Check each line of the material below for "Value" and copy those where it appears.

##### WORKING DATA #####

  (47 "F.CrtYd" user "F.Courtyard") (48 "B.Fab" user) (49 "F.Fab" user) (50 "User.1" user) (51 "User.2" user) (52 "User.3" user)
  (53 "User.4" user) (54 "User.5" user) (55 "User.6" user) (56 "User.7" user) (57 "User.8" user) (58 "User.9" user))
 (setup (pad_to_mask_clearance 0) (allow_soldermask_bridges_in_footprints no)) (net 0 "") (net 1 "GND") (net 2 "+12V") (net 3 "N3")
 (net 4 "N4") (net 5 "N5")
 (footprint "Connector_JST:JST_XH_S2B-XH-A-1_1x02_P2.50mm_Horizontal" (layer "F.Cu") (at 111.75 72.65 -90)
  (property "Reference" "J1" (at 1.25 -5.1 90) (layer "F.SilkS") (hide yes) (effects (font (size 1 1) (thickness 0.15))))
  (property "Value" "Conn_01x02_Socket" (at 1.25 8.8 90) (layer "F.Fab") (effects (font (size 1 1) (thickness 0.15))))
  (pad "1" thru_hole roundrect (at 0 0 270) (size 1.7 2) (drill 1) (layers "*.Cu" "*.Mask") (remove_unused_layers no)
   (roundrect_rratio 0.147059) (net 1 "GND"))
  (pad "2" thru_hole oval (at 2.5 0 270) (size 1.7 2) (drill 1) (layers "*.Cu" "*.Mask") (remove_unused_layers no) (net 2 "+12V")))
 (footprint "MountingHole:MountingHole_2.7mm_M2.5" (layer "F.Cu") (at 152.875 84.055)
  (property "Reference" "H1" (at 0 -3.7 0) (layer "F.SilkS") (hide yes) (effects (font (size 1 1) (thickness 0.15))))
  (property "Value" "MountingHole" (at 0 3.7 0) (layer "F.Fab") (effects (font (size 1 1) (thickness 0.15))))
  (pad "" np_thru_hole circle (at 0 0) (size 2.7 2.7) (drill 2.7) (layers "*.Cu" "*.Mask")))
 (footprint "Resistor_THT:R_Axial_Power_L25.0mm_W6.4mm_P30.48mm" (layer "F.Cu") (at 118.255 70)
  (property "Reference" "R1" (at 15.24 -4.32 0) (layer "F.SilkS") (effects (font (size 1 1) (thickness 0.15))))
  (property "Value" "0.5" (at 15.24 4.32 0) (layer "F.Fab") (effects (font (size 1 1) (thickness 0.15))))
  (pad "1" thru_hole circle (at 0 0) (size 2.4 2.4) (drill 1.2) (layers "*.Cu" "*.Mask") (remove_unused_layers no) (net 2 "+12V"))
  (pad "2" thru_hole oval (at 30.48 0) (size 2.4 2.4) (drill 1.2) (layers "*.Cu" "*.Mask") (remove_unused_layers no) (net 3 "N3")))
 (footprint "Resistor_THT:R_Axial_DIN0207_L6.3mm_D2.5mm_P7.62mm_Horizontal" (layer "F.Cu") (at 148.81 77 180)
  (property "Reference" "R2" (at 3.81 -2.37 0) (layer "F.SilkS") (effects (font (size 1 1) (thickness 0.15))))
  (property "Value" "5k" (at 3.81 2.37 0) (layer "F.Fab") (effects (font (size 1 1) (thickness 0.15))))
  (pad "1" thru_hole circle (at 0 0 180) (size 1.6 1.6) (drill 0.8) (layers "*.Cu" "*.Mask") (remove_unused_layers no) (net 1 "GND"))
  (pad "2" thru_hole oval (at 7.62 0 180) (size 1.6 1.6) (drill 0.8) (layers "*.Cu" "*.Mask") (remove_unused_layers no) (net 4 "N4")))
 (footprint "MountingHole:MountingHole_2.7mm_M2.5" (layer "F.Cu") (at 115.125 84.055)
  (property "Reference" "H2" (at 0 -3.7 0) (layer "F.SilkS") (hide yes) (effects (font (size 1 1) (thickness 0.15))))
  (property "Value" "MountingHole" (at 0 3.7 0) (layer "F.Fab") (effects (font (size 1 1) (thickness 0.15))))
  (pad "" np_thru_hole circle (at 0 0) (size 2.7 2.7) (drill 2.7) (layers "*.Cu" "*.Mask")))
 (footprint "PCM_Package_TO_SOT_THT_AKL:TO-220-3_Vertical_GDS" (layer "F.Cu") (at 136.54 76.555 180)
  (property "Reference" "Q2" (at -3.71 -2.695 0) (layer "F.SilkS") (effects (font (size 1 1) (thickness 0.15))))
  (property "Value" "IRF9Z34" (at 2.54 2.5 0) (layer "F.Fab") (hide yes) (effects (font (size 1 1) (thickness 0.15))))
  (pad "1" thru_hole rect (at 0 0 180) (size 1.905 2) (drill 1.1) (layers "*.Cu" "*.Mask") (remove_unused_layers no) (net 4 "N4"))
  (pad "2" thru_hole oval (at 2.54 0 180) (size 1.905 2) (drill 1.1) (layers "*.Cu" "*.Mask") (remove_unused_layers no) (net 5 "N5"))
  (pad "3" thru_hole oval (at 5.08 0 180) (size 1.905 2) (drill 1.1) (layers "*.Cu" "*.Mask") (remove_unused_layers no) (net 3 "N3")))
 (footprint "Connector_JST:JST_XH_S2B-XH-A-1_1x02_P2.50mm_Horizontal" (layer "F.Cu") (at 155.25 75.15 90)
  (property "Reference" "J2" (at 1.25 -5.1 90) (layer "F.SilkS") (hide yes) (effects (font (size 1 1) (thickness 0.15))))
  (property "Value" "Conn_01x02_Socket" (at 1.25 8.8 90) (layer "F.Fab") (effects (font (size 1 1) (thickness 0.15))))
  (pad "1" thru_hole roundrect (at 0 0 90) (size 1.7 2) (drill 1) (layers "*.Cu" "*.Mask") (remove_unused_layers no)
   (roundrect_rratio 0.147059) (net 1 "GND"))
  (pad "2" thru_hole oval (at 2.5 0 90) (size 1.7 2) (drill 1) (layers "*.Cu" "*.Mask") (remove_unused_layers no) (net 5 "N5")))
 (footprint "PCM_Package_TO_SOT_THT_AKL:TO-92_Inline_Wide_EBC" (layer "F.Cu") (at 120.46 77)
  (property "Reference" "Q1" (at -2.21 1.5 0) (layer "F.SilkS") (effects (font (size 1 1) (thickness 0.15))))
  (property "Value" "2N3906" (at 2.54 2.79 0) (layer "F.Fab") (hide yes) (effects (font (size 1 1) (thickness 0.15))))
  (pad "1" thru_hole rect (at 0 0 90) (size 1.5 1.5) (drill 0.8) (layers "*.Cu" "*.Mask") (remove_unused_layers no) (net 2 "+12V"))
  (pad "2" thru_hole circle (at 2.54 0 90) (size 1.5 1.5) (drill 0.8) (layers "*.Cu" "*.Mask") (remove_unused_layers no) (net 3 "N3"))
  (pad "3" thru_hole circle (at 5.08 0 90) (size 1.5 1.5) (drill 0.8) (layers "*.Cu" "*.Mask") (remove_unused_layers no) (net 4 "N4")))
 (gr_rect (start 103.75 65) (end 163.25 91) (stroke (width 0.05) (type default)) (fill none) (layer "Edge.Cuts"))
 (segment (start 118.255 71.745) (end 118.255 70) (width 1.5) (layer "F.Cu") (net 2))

#####

# OUTPUT BELOW
  (property "Value" "Conn_01x02_Socket" (at 1.25 8.8 90) (layer "F.Fab") (effects (font (size 1 1) (thickness 0.15))))
  (property "Value" "MountingHole" (at 0 3.7 0) (layer "F.Fab") (effects (font (size 1 1) (thickness 0.15))))
  (property "Value" "0.5" (at 15.24 4.32 0) (layer "F.Fab") (effects (font (size 1 1) (thickness 0.15))))
  (property "Value" "5k" (at 3.81 2.37 0) (layer "F.Fab") (effects (font (size 1 1) (thickness 0.15))))
  (property "Value" "MountingHole" (at 0 3.7 0) (layer "F.Fab") (effects (font (size 1 1) (thickness 0.15))))
  (property "Value" "IRF9Z34" (at 2.54 2.5 0) (layer "F.Fab") (hide yes) (effects (font (size 1 1) (thickness 0.15))))
  (property "Value" "Conn_01x02_Socket" (at 1.25 8.8 90) (layer "F.Fab") (effects (font (size 1 1) (thickness 0.15))))
  (property "Value" "2N3906" (at 2.54 2.79 0) (layer "F.Fab") (hide yes) (effects (font (size 1 1) (thickness 0.15))))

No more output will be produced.